Stored items
*** Begin section ***
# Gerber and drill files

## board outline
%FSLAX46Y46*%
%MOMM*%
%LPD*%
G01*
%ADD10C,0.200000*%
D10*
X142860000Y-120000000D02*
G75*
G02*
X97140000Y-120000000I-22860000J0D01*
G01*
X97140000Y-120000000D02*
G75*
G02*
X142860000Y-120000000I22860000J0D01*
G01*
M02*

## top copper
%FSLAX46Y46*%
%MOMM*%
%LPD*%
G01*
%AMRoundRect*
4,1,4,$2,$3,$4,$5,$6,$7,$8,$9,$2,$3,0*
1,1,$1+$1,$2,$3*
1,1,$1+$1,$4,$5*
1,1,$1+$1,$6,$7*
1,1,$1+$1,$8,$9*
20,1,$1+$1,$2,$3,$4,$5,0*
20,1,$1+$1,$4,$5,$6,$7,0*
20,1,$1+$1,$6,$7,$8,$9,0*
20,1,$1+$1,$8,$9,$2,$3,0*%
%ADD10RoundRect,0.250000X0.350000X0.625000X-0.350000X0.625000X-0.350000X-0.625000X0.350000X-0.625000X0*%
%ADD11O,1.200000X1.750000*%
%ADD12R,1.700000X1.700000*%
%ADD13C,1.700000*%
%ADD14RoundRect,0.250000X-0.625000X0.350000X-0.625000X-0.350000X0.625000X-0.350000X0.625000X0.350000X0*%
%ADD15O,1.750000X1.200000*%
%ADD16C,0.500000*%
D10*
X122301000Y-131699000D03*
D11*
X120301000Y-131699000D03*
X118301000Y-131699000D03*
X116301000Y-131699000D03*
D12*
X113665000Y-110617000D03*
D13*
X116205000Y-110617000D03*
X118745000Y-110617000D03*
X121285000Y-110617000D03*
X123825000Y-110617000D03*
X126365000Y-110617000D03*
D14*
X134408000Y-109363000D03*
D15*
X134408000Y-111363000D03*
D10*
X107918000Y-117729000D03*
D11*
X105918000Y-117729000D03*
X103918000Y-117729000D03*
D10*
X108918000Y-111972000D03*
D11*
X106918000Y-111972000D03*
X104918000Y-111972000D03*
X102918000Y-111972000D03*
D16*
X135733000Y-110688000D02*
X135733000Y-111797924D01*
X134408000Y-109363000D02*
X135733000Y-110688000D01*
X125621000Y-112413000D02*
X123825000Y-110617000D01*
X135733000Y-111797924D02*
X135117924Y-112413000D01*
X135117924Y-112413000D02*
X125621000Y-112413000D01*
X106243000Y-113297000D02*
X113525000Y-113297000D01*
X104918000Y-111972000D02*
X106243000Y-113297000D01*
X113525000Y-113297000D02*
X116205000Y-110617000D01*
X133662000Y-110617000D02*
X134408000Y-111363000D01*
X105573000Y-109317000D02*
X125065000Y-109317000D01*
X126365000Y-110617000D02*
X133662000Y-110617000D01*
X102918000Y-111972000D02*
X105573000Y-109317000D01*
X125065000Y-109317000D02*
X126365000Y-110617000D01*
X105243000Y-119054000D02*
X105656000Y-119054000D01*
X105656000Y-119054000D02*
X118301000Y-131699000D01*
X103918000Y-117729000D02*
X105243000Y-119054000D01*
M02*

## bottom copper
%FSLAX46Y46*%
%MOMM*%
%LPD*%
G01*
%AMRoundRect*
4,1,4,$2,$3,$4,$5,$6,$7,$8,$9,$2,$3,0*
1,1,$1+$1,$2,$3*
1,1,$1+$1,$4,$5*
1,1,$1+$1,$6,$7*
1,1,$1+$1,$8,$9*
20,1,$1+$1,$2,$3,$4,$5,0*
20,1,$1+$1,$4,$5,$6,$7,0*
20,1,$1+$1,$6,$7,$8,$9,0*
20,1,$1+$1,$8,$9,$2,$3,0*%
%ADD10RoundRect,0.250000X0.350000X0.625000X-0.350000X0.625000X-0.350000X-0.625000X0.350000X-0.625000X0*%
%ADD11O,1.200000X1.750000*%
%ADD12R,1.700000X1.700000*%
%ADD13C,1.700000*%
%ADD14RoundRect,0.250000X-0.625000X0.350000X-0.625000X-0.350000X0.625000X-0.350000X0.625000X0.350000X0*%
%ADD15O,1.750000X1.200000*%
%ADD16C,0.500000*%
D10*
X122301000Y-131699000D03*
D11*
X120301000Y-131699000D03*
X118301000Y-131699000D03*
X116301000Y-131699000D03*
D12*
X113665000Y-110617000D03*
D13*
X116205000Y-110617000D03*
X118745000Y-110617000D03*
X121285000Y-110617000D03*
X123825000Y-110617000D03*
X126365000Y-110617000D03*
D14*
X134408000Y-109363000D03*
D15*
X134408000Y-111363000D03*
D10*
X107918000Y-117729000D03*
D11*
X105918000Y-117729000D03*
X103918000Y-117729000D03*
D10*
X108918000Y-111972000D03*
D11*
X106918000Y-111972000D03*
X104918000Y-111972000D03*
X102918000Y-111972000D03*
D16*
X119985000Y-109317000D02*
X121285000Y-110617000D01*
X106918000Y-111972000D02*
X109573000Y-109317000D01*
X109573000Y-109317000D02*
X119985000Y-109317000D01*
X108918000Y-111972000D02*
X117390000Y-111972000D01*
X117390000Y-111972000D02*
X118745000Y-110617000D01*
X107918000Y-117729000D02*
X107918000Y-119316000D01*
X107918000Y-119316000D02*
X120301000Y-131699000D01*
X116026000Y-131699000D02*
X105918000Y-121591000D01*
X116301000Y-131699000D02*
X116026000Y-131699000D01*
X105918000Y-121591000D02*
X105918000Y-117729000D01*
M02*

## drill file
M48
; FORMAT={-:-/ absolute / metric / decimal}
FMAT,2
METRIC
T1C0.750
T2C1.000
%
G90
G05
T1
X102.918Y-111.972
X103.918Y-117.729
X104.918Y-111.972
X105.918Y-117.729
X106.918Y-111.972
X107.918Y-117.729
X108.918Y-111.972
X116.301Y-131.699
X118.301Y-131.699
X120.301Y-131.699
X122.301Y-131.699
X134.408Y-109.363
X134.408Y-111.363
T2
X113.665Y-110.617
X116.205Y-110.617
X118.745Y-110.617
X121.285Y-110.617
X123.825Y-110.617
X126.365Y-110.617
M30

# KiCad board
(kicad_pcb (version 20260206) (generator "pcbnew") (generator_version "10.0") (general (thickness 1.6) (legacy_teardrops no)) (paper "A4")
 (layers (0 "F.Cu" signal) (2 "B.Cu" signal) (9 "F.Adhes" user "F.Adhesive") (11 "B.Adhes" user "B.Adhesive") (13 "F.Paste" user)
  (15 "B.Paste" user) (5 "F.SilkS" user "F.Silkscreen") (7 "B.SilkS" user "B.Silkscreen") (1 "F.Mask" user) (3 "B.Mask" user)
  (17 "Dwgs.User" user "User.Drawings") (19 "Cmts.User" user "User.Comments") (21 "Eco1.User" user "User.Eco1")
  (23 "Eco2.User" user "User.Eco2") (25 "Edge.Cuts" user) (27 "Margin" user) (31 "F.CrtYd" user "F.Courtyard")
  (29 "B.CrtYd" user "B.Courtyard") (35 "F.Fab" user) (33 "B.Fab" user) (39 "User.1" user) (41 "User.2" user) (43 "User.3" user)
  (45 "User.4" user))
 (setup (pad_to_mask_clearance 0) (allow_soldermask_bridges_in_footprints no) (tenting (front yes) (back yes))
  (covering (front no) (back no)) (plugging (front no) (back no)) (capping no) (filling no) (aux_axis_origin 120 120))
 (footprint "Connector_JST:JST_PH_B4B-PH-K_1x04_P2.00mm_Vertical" (layer "F.Cu") (at 122.301 131.699 180)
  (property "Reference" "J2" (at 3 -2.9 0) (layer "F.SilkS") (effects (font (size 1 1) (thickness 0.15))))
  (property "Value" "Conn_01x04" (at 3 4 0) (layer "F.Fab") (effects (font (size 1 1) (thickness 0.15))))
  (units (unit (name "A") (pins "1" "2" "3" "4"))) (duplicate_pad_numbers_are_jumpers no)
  (pad "1" thru_hole roundrect (at 0 0 180) (size 1.2 1.75) (drill 0.75) (layers "*.Cu" "*.Mask") (remove_unused_layers no)
   (roundrect_rratio 0.208333) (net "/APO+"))
  (pad "2" thru_hole oval (at 2 0 180) (size 1.2 1.75) (drill 0.75) (layers "*.Cu" "*.Mask") (remove_unused_layers no) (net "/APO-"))
  (pad "3" thru_hole oval (at 4 0 180) (size 1.2 1.75) (drill 0.75) (layers "*.Cu" "*.Mask") (remove_unused_layers no) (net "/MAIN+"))
  (pad "4" thru_hole oval (at 6 0 180) (size 1.2 1.75) (drill 0.75) (layers "*.Cu" "*.Mask") (remove_unused_layers no) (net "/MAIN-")))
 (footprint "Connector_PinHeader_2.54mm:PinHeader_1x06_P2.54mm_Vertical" (layer "F.Cu") (at 113.665 110.617 90)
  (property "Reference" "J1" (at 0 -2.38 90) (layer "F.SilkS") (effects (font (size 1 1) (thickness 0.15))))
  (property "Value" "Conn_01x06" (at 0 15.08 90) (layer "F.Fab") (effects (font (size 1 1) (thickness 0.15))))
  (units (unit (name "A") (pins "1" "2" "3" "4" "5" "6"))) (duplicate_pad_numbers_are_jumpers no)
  (pad "1" thru_hole rect (at 0 0 90) (size 1.7 1.7) (drill 1) (layers "*.Cu" "*.Mask") (remove_unused_layers no) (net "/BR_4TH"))
  (pad "2" thru_hole circle (at 0 2.54 90) (size 1.7 1.7) (drill 1) (layers "*.Cu" "*.Mask") (remove_unused_layers no) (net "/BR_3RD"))
  (pad "3" thru_hole circle (at 0 5.08 90) (size 1.7 1.7) (drill 1) (layers "*.Cu" "*.Mask") (remove_unused_layers no) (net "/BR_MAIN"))
  (pad "4" thru_hole circle (at 0 7.62 90) (size 1.7 1.7) (drill 1) (layers "*.Cu" "*.Mask") (remove_unused_layers no) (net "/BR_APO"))
  (pad "5" thru_hole circle (at 0 10.16 90) (size 1.7 1.7) (drill 1) (layers "*.Cu" "*.Mask") (remove_unused_layers no) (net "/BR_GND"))
  (pad "6" thru_hole circle (at 0 12.7 90) (size 1.7 1.7) (drill 1) (layers "*.Cu" "*.Mask") (remove_unused_layers no) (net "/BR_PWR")))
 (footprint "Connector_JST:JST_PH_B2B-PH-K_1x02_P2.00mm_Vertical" (layer "F.Cu") (at 134.408 109.363 -90)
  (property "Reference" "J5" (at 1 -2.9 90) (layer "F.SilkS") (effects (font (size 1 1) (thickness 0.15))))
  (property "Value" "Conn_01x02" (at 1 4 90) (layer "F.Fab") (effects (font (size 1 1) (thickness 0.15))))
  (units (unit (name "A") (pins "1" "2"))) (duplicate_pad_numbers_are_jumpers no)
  (pad "1" thru_hole roundrect (at 0 0 270) (size 1.2 1.75) (drill 0.75) (layers "*.Cu" "*.Mask") (remove_unused_layers no)
   (roundrect_rratio 0.208333) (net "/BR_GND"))
  (pad "2" thru_hole oval (at 2 0 270) (size 1.2 1.75) (drill 0.75) (layers "*.Cu" "*.Mask") (remove_unused_layers no) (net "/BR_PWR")))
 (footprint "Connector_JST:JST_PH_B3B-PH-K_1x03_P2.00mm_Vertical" (layer "B.Cu") (at 107.918 117.729 180)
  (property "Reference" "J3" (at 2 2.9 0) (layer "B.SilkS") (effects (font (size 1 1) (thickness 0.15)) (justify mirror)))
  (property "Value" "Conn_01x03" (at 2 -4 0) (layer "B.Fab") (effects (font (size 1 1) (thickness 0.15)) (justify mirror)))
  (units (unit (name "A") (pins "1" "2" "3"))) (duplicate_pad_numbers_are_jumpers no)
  (pad "1" thru_hole roundrect (at 0 0 180) (size 1.2 1.75) (drill 0.75) (layers "*.Cu" "*.Mask") (remove_unused_layers no)
   (roundrect_rratio 0.208333) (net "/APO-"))
  (pad "2" thru_hole oval (at 2 0 180) (size 1.2 1.75) (drill 0.75) (layers "*.Cu" "*.Mask") (remove_unused_layers no) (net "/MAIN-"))
  (pad "3" thru_hole oval (at 4 0 180) (size 1.2 1.75) (drill 0.75) (layers "*.Cu" "*.Mask") (remove_unused_layers no) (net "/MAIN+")))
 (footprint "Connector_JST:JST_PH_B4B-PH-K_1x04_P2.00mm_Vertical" (layer "B.Cu") (at 108.918 111.972 180)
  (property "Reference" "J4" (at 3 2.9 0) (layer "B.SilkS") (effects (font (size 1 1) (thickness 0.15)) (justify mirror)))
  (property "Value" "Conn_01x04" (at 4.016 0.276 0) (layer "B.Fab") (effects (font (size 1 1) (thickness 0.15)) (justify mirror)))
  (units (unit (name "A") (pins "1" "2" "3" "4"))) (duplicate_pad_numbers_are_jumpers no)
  (pad "1" thru_hole roundrect (at 0 0 180) (size 1.2 1.75) (drill 0.75) (layers "*.Cu" "*.Mask") (remove_unused_layers no)
   (roundrect_rratio 0.208333) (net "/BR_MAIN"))
  (pad "2" thru_hole oval (at 2 0 180) (size 1.2 1.75) (drill 0.75) (layers "*.Cu" "*.Mask") (remove_unused_layers no) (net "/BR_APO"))
  (pad "3" thru_hole oval (at 4 0 180) (size 1.2 1.75) (drill 0.75) (layers "*.Cu" "*.Mask") (remove_unused_layers no) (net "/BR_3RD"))
  (pad "4" thru_hole oval (at 6 0 180) (size 1.2 1.75) (drill 0.75) (layers "*.Cu" "*.Mask") (remove_unused_layers no) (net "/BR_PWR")))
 (gr_circle (center 120 120) (end 120 142.86) (stroke (width 0.2) (type solid)) (fill no) (layer "Edge.Cuts"))
 (segment (start 135.733 110.688) (end 135.733 111.797924) (width 0.5) (layer "F.Cu") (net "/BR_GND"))
 (segment (start 134.408 109.363) (end 135.733 110.688) (width 0.5) (layer "F.Cu") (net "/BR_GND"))
 (segment (start 125.621 112.413) (end 123.825 110.617) (width 0.5) (layer "F.Cu") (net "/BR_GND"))
 (segment (start 135.733 111.797924) (end 135.117924 112.413) (width 0.5) (layer "F.Cu") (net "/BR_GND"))
 (segment (start 135.117924 112.413) (end 125.621 112.413) (width 0.5) (layer "F.Cu") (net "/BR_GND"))
 (segment (start 106.243 113.297) (end 113.525 113.297) (width 0.5) (layer "F.Cu") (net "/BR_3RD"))
 (segment (start 104.918 111.972) (end 106.243 113.297) (width 0.5) (layer "F.Cu") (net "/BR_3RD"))
 (segment (start 113.525 113.297) (end 116.205 110.617) (width 0.5) (layer "F.Cu") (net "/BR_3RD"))
 (segment (start 119.985 109.317) (end 121.285 110.617) (width 0.5) (layer "B.Cu") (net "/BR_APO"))
 (segment (start 106.918 111.972) (end 109.573 109.317) (width 0.5) (layer "B.Cu") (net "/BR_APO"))
 (segment (start 109.573 109.317) (end 119.985 109.317) (width 0.5) (layer "B.Cu") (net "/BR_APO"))
 (segment (start 108.918 111.972) (end 117.39 111.972) (width 0.5) (layer "B.Cu") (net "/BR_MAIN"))
 (segment (start 117.39 111.972) (end 118.745 110.617) (width 0.5) (layer "B.Cu") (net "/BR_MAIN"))
 (segment (start 133.662 110.617) (end 134.408 111.363) (width 0.5) (layer "F.Cu") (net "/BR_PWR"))
 (segment (start 105.573 109.317) (end 125.065 109.317) (width 0.5) (layer "F.Cu") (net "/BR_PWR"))
 (segment (start 126.365 110.617) (end 133.662 110.617) (width 0.5) (layer "F.Cu") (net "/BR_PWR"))
 (segment (start 102.918 111.972) (end 105.573 109.317) (width 0.5) (layer "F.Cu") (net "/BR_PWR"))
 (segment (start 125.065 109.317) (end 126.365 110.617) (width 0.5) (layer "F.Cu") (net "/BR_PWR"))
 (segment (start 107.918 117.729) (end 107.918 119.316) (width 0.5) (layer "B.Cu") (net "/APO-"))
 (segment (start 107.918 119.316) (end 120.301 131.699) (width 0.5) (layer "B.Cu") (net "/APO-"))
 (segment (start 116.026 131.699) (end 105.918 121.591) (width 0.5) (layer "B.Cu") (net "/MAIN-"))
 (segment (start 116.301 131.699) (end 116.026 131.699) (width 0.5) (layer "B.Cu") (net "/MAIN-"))
 (segment (start 105.918 121.591) (end 105.918 117.729) (width 0.5) (layer "B.Cu") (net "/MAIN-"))
 (segment (start 105.243 119.054) (end 105.656 119.054) (width 0.5) (layer "F.Cu") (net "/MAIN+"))
 (segment (start 105.656 119.054) (end 118.301 131.699) (width 0.5) (layer "F.Cu") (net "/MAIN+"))
 (segment (start 103.918 117.729) (end 105.243 119.054) (width 0.5) (layer "F.Cu") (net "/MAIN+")))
*** End section ***
--- Exercise prompt ---
Among the entries, find every line holding "Reference" and return it.

--- Solution for this task ---
  (property "Reference" "J2" (at 3 -2.9 0) (layer "F.SilkS") (effects (font (size 1 1) (thickness 0.15))))
  (property "Reference" "J1" (at 0 -2.38 90) (layer "F.SilkS") (effects (font (size 1 1) (thickness 0.15))))
  (property "Reference" "J5" (at 1 -2.9 90) (layer "F.SilkS") (effects (font (size 1 1) (thickness 0.15))))
  (property "Reference" "J3" (at 2 2.9 0) (layer "B.SilkS") (effects (font (size 1 1) (thickness 0.15)) (justify mirror)))
  (property "Reference" "J4" (at 3 2.9 0) (layer "B.SilkS") (effects (font (size 1 1) (thickness 0.15)) (justify mirror)))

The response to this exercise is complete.